Job 20; Mark 3; Mark 4 (Contemporary English Version)
Mark 4:12The reason is,
"These people will lookand look, but never see.
They will listen and listen,
but never understand.
If they did,
they would turn to God,
and he would forgive them.
Jesus is explaining why he uses stories (or parables as we call them) as tools for teaching. Jesus understands folk pretty well I would say.
Some years ago, I don't really remember when, I went on a spiritual journey. It was 72 hours of hearing talks from clergy and lay folks about priorities, grace, piety, Christian actions and a bunch of other stuff. I have to say that when I left that week-end I was fired up. I had been in the ministry a few years and because of the notes I had taken and all the chocolate I had eaten, I was going to change the church as it was known in those days. Me and God and few more folks that I was sure felt the same way I did was going to change the face of the earth, renew it as the prayer says and bring glory to the creator.

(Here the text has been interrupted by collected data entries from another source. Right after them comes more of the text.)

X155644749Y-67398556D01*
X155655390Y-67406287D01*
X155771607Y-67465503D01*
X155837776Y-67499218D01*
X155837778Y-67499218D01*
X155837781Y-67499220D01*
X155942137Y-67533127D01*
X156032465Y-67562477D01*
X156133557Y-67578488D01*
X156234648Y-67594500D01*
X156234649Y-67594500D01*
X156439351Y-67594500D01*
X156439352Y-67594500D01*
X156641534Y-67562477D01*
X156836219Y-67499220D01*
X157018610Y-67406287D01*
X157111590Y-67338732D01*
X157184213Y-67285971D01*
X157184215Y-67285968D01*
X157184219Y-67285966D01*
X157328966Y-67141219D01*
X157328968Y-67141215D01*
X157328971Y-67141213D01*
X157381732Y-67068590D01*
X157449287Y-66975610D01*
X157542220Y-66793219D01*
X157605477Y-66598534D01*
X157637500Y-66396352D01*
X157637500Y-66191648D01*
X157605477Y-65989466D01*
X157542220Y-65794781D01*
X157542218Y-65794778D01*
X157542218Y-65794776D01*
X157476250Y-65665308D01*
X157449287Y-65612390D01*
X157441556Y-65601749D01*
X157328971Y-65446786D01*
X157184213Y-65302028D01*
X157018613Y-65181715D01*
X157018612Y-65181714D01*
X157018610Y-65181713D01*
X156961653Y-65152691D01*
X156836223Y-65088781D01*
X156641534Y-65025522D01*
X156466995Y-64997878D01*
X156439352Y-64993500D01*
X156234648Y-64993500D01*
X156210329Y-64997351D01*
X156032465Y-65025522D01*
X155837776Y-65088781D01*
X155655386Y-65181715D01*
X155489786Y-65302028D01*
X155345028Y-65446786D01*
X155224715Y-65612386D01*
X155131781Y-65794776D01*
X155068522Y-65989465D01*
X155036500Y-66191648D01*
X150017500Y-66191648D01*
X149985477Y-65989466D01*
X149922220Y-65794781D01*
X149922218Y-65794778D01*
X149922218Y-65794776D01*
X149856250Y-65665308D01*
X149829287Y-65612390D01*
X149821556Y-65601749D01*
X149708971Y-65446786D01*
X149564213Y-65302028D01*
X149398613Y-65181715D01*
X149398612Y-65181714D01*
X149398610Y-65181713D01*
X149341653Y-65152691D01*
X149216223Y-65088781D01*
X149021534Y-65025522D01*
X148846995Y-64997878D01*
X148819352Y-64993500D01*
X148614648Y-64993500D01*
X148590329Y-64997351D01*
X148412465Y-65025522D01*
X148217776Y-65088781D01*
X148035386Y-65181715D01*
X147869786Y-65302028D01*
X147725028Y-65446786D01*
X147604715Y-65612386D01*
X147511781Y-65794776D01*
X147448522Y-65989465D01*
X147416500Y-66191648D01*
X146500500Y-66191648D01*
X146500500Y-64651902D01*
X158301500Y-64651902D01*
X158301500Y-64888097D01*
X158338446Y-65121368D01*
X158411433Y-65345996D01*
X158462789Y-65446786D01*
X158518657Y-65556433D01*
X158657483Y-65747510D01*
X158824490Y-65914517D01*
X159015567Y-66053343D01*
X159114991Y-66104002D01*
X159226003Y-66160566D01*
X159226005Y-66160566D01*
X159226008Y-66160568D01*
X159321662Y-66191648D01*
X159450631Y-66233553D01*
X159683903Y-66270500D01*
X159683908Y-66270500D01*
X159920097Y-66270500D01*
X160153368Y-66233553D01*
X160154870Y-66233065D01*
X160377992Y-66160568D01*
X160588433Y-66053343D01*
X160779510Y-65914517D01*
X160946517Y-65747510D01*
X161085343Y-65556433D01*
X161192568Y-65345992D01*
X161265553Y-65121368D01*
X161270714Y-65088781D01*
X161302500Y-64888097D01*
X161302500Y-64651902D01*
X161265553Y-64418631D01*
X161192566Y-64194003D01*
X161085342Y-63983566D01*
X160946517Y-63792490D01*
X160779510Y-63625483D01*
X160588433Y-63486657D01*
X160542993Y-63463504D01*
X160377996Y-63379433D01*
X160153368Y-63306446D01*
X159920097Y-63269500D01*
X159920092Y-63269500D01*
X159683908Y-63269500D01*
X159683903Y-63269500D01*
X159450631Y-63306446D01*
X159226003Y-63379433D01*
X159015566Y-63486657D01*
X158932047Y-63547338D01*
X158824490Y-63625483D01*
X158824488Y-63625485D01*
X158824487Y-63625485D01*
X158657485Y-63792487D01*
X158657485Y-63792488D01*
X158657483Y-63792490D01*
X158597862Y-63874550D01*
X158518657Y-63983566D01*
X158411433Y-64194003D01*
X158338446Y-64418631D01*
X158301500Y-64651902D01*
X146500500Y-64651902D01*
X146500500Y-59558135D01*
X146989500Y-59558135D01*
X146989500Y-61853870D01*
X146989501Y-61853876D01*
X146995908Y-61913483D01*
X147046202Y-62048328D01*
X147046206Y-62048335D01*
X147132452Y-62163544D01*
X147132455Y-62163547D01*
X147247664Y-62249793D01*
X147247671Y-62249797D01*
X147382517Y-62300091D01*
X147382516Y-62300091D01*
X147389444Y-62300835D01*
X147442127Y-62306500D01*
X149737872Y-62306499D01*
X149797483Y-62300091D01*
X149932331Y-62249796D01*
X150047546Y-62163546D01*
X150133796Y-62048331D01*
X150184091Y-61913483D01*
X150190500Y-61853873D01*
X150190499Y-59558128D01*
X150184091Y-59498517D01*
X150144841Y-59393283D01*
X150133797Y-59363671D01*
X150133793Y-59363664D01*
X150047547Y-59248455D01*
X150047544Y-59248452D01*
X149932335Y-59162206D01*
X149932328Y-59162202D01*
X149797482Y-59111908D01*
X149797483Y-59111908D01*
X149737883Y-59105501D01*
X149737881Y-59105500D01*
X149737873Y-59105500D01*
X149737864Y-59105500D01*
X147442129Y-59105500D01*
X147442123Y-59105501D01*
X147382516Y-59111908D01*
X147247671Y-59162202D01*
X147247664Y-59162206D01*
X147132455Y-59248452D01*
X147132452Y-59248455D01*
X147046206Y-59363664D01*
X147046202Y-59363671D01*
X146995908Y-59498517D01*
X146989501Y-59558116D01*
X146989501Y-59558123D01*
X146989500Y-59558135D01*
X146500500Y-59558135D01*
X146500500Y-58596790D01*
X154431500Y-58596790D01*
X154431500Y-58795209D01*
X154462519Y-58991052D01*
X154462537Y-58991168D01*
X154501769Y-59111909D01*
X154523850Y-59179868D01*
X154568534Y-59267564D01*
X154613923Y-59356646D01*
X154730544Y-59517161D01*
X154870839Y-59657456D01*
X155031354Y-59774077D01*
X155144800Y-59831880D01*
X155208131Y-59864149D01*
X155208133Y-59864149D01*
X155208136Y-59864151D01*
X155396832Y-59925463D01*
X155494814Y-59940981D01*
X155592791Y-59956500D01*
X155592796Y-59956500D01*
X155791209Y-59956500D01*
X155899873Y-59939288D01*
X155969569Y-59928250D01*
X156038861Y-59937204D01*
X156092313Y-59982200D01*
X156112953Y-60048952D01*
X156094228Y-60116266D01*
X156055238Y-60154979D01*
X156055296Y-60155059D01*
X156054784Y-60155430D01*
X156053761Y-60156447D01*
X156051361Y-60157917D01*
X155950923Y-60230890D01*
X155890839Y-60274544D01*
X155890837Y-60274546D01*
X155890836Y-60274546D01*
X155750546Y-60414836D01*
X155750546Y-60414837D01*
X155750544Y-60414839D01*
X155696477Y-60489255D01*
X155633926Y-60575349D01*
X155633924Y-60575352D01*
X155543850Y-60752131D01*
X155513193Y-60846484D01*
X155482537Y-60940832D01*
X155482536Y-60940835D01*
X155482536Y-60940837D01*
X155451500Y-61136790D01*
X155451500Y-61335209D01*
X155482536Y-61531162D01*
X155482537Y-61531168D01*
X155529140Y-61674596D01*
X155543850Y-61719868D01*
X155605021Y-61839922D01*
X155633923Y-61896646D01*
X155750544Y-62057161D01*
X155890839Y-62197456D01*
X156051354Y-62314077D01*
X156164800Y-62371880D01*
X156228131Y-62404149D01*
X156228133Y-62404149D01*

Well, that enthusiasm lasted a while and then I realized that Jesus is right: "people look and look and never see..." and so on.

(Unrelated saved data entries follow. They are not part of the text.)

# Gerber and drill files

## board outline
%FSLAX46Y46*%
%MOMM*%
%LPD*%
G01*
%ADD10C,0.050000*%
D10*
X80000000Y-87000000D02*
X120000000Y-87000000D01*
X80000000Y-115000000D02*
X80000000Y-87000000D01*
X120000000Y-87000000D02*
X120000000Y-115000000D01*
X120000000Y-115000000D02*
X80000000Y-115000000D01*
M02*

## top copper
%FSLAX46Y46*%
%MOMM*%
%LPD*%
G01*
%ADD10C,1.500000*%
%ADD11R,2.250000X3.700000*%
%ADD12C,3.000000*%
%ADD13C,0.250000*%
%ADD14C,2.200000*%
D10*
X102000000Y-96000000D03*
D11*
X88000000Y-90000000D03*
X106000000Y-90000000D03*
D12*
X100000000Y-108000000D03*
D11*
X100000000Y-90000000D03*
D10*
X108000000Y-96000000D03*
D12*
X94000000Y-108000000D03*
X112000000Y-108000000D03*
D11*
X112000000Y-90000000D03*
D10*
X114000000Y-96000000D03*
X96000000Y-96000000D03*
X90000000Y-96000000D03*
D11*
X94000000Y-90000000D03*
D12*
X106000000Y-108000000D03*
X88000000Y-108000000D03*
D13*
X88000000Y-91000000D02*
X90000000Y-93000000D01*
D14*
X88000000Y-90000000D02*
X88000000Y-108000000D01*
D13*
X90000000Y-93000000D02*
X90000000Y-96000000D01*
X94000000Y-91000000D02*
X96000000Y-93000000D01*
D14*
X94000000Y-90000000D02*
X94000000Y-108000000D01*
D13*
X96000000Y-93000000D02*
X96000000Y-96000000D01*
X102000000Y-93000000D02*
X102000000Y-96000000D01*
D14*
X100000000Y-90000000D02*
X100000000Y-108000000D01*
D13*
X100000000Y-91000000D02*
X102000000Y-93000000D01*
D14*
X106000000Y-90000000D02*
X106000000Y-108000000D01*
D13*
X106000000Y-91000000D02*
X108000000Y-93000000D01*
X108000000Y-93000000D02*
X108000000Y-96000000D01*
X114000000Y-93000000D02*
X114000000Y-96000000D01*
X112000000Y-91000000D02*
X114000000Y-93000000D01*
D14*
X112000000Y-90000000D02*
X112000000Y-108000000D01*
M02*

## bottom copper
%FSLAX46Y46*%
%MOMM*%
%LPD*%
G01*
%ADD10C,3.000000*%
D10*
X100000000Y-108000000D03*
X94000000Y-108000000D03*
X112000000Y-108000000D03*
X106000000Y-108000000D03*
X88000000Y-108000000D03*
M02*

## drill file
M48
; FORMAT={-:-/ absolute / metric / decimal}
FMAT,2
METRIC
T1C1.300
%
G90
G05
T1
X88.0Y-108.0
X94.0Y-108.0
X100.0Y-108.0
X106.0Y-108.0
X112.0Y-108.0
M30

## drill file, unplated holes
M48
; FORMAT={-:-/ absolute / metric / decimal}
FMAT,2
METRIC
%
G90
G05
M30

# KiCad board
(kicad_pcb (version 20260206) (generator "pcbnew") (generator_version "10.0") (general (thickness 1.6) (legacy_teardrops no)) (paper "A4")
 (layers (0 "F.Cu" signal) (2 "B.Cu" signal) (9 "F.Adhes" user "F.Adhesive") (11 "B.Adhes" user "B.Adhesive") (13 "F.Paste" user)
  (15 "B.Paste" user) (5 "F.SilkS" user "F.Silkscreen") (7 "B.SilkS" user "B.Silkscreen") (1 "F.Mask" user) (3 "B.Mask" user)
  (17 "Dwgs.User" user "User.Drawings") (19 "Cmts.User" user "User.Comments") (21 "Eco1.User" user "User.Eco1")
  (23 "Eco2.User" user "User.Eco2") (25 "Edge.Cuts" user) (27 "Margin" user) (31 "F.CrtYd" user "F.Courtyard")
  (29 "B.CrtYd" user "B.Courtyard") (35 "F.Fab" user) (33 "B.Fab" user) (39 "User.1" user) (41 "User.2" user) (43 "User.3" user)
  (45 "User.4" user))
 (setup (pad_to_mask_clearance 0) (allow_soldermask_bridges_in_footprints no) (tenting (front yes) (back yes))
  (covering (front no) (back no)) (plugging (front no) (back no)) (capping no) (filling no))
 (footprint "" (layer "F.Cu") (at 102 96)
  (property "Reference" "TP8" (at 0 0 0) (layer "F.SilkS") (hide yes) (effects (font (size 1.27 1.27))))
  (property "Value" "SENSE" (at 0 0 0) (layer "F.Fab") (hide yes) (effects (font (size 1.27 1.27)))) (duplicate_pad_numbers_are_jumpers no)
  (pad "1" smd circle (at 0 0) (size 1.5 1.5) (layers "F.Cu" "F.Mask") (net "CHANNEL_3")))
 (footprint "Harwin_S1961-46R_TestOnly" (layer "F.Cu") (at 88 90)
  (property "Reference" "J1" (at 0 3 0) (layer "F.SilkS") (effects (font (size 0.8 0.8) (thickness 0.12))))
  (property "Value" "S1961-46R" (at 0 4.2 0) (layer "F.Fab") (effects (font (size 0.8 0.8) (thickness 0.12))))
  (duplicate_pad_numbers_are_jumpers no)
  (pad "1" smd rect (at 0 0) (size 2.25 3.7) (layers "F.Cu" "F.Mask" "F.Paste") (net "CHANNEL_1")))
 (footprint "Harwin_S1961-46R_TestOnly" (layer "F.Cu") (at 106 90)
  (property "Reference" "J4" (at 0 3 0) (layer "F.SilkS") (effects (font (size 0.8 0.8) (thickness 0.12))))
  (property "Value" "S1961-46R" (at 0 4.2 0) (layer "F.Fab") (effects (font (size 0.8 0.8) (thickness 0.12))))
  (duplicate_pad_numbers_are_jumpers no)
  (pad "1" smd rect (at 0 0) (size 2.25 3.7) (layers "F.Cu" "F.Mask" "F.Paste") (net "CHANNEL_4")))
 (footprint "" (layer "F.Cu") (at 100 108)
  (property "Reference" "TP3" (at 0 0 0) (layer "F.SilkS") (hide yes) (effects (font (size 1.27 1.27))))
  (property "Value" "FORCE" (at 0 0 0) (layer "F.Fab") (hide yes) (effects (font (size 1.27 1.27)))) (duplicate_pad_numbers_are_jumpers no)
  (pad "1" thru_hole circle (at 0 0) (size 3 3) (drill 1.3) (layers "*.Cu" "*.Mask") (remove_unused_layers no) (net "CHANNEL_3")))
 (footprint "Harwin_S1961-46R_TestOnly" (layer "F.Cu") (at 100 90)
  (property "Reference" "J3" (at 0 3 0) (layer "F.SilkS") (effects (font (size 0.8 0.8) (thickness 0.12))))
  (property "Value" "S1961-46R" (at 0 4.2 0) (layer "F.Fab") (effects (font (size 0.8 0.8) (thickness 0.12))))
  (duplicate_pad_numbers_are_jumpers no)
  (pad "1" smd rect (at 0 0) (size 2.25 3.7) (layers "F.Cu" "F.Mask" "F.Paste") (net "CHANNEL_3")))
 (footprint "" (layer "F.Cu") (at 108 96)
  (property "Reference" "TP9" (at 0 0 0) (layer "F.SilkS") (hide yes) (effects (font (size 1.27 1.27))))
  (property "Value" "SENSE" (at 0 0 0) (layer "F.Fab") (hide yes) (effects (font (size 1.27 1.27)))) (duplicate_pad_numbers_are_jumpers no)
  (pad "1" smd circle (at 0 0) (size 1.5 1.5) (layers "F.Cu" "F.Mask") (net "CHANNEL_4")))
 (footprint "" (layer "F.Cu") (at 94 108)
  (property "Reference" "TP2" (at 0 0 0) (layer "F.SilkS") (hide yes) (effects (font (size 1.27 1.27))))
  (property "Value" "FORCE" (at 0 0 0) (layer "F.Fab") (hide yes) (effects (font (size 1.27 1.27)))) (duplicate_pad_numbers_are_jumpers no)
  (pad "1" thru_hole circle (at 0 0) (size 3 3) (drill 1.3) (layers "*.Cu" "*.Mask") (remove_unused_layers no) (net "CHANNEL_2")))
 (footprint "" (layer "F.Cu") (at 112 108)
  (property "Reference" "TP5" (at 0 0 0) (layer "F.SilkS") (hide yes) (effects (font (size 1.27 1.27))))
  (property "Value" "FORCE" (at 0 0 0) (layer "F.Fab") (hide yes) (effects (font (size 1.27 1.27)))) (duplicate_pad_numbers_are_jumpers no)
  (pad "1" thru_hole circle (at 0 0) (size 3 3) (drill 1.3) (layers "*.Cu" "*.Mask") (remove_unused_layers no) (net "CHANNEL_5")))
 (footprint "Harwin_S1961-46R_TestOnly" (layer "F.Cu") (at 112 90)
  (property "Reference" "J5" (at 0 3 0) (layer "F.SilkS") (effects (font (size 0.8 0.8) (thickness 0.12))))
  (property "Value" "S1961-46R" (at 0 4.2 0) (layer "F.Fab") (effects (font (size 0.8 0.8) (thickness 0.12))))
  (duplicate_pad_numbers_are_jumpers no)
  (pad "1" smd rect (at 0 0) (size 2.25 3.7) (layers "F.Cu" "F.Mask" "F.Paste") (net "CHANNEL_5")))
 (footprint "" (layer "F.Cu") (at 114 96)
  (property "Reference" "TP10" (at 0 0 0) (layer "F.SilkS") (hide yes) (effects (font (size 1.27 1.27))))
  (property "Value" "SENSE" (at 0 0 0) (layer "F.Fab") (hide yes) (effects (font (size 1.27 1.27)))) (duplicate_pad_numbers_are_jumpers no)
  (pad "1" smd circle (at 0 0) (size 1.5 1.5) (layers "F.Cu" "F.Mask") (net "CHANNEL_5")))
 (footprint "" (layer "F.Cu") (at 96 96)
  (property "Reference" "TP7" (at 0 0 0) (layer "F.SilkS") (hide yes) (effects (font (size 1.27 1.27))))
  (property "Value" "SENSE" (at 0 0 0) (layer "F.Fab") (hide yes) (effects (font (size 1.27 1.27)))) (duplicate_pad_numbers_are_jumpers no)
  (pad "1" smd circle (at 0 0) (size 1.5 1.5) (layers "F.Cu" "F.Mask") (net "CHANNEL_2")))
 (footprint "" (layer "F.Cu") (at 90 96)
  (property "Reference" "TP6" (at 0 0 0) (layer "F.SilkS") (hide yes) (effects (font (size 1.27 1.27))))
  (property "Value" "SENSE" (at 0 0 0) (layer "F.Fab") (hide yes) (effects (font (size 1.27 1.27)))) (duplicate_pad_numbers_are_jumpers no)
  (pad "1" smd circle (at 0 0) (size 1.5 1.5) (layers "F.Cu" "F.Mask") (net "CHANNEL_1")))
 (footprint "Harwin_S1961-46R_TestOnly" (layer "F.Cu") (at 94 90)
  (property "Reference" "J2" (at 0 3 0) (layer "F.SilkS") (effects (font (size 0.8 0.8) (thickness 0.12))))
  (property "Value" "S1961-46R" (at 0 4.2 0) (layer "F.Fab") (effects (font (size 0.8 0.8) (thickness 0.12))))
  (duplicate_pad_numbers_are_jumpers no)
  (pad "1" smd rect (at 0 0) (size 2.25 3.7) (layers "F.Cu" "F.Mask" "F.Paste") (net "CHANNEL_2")))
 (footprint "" (layer "F.Cu") (at 106 108)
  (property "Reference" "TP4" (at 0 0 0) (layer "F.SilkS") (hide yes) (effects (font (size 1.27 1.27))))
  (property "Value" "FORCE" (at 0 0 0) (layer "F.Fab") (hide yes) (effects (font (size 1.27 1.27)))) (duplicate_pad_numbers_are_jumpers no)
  (pad "1" thru_hole circle (at 0 0) (size 3 3) (drill 1.3) (layers "*.Cu" "*.Mask") (remove_unused_layers no) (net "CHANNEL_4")))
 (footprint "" (layer "F.Cu") (at 88 108)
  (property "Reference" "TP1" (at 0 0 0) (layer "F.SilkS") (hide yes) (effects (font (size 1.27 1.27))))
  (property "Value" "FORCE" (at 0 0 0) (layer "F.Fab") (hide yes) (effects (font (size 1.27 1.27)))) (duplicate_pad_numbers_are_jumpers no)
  (pad "1" thru_hole circle (at 0 0) (size 3 3) (drill 1.3) (layers "*.Cu" "*.Mask") (remove_unused_layers no) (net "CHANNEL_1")))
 (gr_line (start 80 87) (end 120 87) (stroke (width 0.05) (type default)) (layer "Edge.Cuts"))
 (gr_line (start 80 115) (end 80 87) (stroke (width 0.05) (type default)) (layer "Edge.Cuts"))
 (gr_line (start 120 87) (end 120 115) (stroke (width 0.05) (type default)) (layer "Edge.Cuts"))
 (gr_line (start 120 115) (end 80 115) (stroke (width 0.05) (type default)) (layer "Edge.Cuts"))
 (segment (start 88 91) (end 90 93) (width 0.25) (layer "F.Cu") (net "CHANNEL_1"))
 (segment (start 88 90) (end 88 108) (width 2.2) (layer "F.Cu") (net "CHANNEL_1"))
 (segment (start 90 93) (end 90 96) (width 0.25) (layer "F.Cu") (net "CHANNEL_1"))
 (segment (start 94 91) (end 96 93) (width 0.25) (layer "F.Cu") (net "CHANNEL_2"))
 (segment (start 94 90) (end 94 108) (width 2.2) (layer "F.Cu") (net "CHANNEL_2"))
 (segment (start 96 93) (end 96 96) (width 0.25) (layer "F.Cu") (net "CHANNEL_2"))
 (segment (start 102 93) (end 102 96) (width 0.25) (layer "F.Cu") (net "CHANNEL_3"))
 (segment (start 100 90) (end 100 108) (width 2.2) (layer "F.Cu") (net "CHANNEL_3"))
 (segment (start 100 91) (end 102 93) (width 0.25) (layer "F.Cu") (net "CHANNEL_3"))
 (segment (start 106 90) (end 106 108) (width 2.2) (layer "F.Cu") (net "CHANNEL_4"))
 (segment (start 106 91) (end 108 93) (width 0.25) (layer "F.Cu") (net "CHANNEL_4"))
 (segment (start 108 93) (end 108 96) (width 0.25) (layer "F.Cu") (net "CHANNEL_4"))
 (segment (start 114 93) (end 114 96) (width 0.25) (layer "F.Cu") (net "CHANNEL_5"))
 (segment (start 112 91) (end 114 93) (width 0.25) (layer "F.Cu") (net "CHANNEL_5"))
 (segment (start 112 90) (end 112 108) (width 2.2) (layer "F.Cu") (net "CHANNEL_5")))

I have to say though that I am still somewhat on that "Spiritual High" when I see folks come alive with ideas and realize that God is calling them into ministry of some sort where the neighbors will be loved like we love ourselves and that above all God will be glorified and loved as well.
I think of those seeds in this parable of the sower in Mark 4. The seeds that are sown in so many places on Sunday mornings from the choir loft and from the pulpit, when children and youth are serving in worship, when visitors are welcomed "in", when folks take time from their busy schedules to invite a neighbor to come and worship and experience the presence of God that they feel, and many other ways that seeds are sown. Like after the enthusiastic worship is over and it time to go to Sunday School (oh I wish there was another name to call it like discipleship or learning to follow Jesus Time) when folks come to learn how that the life and times of Jesus are still relevant to our life and times today and even more so. I could go on and on...
I guess that I am desiring to find a new way to do an old thing. Its that wrong? Is it wrong to try and find a way to get folks to open up and take hold of the Good News and let it change their lives the way it has changed mine. Well, maybe not exactly like it changed mine, but change it a new way that just fits who they are. I see a lot of folks who leave worship on Sunday morning to go else where and somehow I know they have not been fed the whole meal. Oh, they enjoyed the servings they have had but the stuff that sustains them have been left out.
The seed gets sown but I guess there is no way to control where the seeds land and whether they grow or not--is that what I am saying--well, I wonder. I wonder if there is a plan that will fit everyone who is the ground on which the seeds are sown. I wonder if there is a way to get a seed to take root and grow on solid rocks. I wonder if there is enough fertilizer for the seeds that have fell into the thorns to some how overtake the thistles and flourish. I wonder. How about you do you wonder?